Fix tflops glu computation #283

Closed Muennighoff closed 2 years ago

Muennighoff commented 2 years ago

From Efficient Large-Scale Language Model Training on GPU Clusters Using Megatron-LM:

A 𝐴𝑚×𝑘 ×𝑋𝑘×𝑛 matrix multiplication requires 2𝑚 ×𝑘 ×𝑛 FLOPs

The feed-forward network increases the hidden size to 4ℎ and then reduces it back to ℎ; this requires 16𝐵𝑠ℎ^2 FLOP

We know that

Normal
(b, s, h) * (h, h*4)
SwiGLU
(b, s, h) * (h, h*8)

Hence

B*(2 * s * h * (h*4)) = b*(8sh^2) = 8bsh^2 -> * 2 for downscaling again -> 16bsh^2 (This turns then into 24𝐵𝑠ℎ^2 + 4𝐵𝑠2ℎ + ... with some additional operations, see the paper)

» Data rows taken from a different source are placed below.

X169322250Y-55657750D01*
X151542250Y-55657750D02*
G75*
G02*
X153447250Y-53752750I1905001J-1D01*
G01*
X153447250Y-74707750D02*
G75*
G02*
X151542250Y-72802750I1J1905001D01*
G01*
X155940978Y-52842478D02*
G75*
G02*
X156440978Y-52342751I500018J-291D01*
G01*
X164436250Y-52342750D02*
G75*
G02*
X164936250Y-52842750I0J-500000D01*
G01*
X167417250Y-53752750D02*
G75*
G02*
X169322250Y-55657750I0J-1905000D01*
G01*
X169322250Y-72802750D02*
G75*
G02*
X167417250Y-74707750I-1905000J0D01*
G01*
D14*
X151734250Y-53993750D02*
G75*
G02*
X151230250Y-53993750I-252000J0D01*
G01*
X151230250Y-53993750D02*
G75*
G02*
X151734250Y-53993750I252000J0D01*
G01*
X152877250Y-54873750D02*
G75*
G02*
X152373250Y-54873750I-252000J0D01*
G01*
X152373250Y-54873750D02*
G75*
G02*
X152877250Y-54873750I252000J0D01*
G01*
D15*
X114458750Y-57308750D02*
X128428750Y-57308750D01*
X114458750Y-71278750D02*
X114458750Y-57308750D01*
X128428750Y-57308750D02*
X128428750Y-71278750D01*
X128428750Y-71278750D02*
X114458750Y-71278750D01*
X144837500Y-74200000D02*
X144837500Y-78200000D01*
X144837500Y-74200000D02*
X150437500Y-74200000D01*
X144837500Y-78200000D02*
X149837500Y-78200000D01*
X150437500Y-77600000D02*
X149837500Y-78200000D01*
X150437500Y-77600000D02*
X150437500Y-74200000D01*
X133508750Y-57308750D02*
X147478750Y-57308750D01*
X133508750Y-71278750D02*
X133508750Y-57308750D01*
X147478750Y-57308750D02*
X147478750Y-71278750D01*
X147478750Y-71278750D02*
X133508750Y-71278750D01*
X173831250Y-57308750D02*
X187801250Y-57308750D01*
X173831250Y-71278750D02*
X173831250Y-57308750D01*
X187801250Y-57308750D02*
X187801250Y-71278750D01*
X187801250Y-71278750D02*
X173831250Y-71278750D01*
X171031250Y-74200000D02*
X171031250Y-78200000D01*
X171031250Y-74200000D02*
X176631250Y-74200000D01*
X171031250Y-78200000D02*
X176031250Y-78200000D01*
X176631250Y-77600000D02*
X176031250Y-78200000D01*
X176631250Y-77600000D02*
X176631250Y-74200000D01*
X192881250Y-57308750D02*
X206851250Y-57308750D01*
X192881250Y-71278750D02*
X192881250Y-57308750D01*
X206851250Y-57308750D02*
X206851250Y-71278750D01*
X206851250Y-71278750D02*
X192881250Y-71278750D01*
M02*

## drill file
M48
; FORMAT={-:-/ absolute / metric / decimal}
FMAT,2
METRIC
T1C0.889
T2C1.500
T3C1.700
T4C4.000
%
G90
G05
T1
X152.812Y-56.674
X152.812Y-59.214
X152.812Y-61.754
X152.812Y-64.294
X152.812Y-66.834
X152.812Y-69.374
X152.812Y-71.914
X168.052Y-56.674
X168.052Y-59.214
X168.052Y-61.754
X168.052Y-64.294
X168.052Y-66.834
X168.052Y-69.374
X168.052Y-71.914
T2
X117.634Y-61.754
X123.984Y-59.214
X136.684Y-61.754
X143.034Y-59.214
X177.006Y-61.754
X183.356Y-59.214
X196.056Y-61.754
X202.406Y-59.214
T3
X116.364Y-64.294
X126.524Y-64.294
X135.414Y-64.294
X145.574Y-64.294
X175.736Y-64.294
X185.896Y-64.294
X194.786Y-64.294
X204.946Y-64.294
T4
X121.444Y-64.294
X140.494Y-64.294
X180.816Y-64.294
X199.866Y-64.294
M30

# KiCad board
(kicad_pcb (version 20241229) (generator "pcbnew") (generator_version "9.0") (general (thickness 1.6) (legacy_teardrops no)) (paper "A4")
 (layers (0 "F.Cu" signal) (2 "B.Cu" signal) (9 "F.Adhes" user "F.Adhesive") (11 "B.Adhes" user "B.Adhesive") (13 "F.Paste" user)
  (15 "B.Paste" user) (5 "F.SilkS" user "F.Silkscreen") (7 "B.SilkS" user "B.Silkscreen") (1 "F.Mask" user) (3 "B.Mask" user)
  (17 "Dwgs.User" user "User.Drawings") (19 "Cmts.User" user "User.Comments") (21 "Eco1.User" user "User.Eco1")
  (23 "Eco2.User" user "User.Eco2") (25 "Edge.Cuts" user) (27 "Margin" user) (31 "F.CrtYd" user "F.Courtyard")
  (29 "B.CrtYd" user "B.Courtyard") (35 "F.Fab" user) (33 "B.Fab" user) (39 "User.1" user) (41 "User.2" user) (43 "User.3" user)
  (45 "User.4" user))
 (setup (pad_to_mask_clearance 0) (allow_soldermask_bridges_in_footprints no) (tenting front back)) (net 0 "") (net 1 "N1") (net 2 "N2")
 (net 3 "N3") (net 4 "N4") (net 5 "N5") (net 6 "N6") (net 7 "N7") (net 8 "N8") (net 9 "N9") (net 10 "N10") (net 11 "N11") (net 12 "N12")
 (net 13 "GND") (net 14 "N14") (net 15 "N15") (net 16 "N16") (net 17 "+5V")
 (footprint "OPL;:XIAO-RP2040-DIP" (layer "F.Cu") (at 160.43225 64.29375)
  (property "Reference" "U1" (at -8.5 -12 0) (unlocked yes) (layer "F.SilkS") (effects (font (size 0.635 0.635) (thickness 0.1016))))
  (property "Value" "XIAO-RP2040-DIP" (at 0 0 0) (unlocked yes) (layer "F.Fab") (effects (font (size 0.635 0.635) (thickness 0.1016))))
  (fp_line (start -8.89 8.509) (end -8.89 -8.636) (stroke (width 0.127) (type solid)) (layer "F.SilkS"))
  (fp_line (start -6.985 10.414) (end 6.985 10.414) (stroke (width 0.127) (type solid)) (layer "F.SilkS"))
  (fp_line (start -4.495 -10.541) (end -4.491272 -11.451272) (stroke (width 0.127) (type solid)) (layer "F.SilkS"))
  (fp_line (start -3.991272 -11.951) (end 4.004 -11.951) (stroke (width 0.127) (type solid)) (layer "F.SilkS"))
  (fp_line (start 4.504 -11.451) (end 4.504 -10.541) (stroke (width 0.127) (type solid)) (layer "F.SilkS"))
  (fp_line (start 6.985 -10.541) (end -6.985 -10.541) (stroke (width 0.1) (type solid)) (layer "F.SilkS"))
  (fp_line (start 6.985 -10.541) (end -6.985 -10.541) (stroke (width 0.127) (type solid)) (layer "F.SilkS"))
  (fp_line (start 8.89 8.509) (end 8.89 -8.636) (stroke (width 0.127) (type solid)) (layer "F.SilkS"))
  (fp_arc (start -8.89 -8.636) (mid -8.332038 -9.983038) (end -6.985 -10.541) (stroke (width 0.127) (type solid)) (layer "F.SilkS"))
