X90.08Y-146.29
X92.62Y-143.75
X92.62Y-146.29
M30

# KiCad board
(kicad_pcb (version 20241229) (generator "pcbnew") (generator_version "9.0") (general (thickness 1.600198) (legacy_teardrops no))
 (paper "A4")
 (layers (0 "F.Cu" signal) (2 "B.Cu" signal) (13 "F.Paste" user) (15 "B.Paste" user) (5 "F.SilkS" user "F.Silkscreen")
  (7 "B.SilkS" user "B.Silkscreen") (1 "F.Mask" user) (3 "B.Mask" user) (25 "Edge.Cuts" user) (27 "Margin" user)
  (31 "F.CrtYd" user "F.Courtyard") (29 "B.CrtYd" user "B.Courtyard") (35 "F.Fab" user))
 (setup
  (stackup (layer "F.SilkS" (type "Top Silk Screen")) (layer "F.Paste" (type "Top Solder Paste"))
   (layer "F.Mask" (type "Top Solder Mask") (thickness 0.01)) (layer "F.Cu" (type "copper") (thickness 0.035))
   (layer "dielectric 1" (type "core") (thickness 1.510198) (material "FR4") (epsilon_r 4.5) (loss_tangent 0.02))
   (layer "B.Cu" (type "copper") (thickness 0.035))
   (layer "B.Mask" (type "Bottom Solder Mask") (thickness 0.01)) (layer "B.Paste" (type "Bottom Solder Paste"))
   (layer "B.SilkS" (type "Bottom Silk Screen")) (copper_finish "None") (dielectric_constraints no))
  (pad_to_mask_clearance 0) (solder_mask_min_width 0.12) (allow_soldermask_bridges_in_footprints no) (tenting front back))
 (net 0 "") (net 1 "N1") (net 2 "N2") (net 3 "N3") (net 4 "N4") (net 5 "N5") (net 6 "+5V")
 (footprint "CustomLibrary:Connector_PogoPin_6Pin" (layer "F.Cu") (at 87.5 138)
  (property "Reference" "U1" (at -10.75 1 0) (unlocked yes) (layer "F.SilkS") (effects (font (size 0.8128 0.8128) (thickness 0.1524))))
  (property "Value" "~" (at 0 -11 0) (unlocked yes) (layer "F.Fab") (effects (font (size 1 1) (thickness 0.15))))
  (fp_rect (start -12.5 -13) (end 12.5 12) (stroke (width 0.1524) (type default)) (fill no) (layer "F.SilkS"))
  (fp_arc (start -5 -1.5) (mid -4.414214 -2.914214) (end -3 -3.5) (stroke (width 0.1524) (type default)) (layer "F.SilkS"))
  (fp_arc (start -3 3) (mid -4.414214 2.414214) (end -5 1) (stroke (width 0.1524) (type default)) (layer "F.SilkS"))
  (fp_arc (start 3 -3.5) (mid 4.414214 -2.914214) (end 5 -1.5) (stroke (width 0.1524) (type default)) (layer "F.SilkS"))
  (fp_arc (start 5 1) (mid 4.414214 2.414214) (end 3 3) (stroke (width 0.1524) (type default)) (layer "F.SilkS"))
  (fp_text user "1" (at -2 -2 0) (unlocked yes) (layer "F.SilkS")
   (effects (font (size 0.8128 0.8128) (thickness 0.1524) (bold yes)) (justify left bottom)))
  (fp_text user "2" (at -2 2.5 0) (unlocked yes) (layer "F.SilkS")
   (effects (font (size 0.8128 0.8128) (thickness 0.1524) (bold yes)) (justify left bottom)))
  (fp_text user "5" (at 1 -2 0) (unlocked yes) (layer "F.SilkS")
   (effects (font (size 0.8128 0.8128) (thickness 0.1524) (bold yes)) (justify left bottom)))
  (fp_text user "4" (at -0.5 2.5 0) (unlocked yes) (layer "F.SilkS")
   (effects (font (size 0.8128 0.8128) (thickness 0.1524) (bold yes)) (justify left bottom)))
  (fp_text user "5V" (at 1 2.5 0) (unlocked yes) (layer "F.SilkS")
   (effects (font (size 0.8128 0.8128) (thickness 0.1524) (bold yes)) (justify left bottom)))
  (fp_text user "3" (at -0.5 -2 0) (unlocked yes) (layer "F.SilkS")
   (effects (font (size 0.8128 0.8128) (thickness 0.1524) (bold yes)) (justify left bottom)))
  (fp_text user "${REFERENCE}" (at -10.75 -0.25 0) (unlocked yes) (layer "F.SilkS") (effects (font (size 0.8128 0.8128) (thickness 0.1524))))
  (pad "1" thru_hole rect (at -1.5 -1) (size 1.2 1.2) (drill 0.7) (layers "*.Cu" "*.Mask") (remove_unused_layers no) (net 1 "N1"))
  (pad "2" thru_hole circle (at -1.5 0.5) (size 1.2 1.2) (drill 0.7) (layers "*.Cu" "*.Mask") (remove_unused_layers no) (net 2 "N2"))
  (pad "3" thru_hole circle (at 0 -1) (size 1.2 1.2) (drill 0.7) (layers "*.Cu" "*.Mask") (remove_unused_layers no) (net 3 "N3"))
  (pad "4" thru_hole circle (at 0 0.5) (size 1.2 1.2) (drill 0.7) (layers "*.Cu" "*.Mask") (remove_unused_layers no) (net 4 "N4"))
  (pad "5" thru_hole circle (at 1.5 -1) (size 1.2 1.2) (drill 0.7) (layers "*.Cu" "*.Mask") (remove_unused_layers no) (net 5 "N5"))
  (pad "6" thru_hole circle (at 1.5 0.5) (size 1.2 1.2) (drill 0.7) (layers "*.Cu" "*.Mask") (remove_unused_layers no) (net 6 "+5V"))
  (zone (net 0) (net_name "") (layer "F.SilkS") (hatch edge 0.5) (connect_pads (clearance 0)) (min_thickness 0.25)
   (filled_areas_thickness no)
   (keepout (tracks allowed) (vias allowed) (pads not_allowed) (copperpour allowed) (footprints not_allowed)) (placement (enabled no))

B*(2 * s * h * (h*8)) = b*(16sh^2) = 16bsh^2 (upscaling) + SwiGLU + 8bsh^2 (downscaling)-> 24bsh^2 (-> We need to add 8, thus 32𝐵𝑠ℎ^2 + 4𝐵𝑠2ℎ + ...)

I.e. we need to increase the coefficient by 8.

The SwiGLU operation also adds another 0.5*bsh*8 I think, but ignoring them here for simplicity. Kudos to @DanielHesslow!

thomasw21 commented 2 years ago

This seems indeed correct, though I would suggest we have a more transparent computation of flops (ie decompose 24 and 32 into the individual components: query key value, output attention, MLP ...). WDYT @stas00 ?

(also think we should remove the swiglu operator as the previous part did not take in account relu activation which seems reasonnable)

stas00 commented 2 years ago

Thank you, @Muennighoff - could you please adjust the math in the OP - I think there are a few h2 and 2h when h^2 was probably meant?

I would suggest we have a more transparent computation of flops (ie decompose 24 and 32 into the individual components: query key value, output attention, MLP ...).

sure, if it's not too much trouble. and adding comments to where the numbers come from? similar to what OP did?

Muennighoff commented 2 years ago

Thank you, @Muennighoff - could you please adjust the math in the OP - I think there are a few h2 and 2h when h^2 was probably meant?

I would suggest we have a more transparent computation of flops (ie decompose 24 and 32 into the individual components: query key value, output attention, MLP ...).

sure, if it's not too much trouble. and adding comments to where the numbers come from? similar to what OP did?

Standardized to h^2 everywhere 👍 I added a link to this PR & a brief explanation in the code. I think given that it also links to the paper it is fine to leave it as is? I think I can't explain it better than the paper, so people are best of reading it there.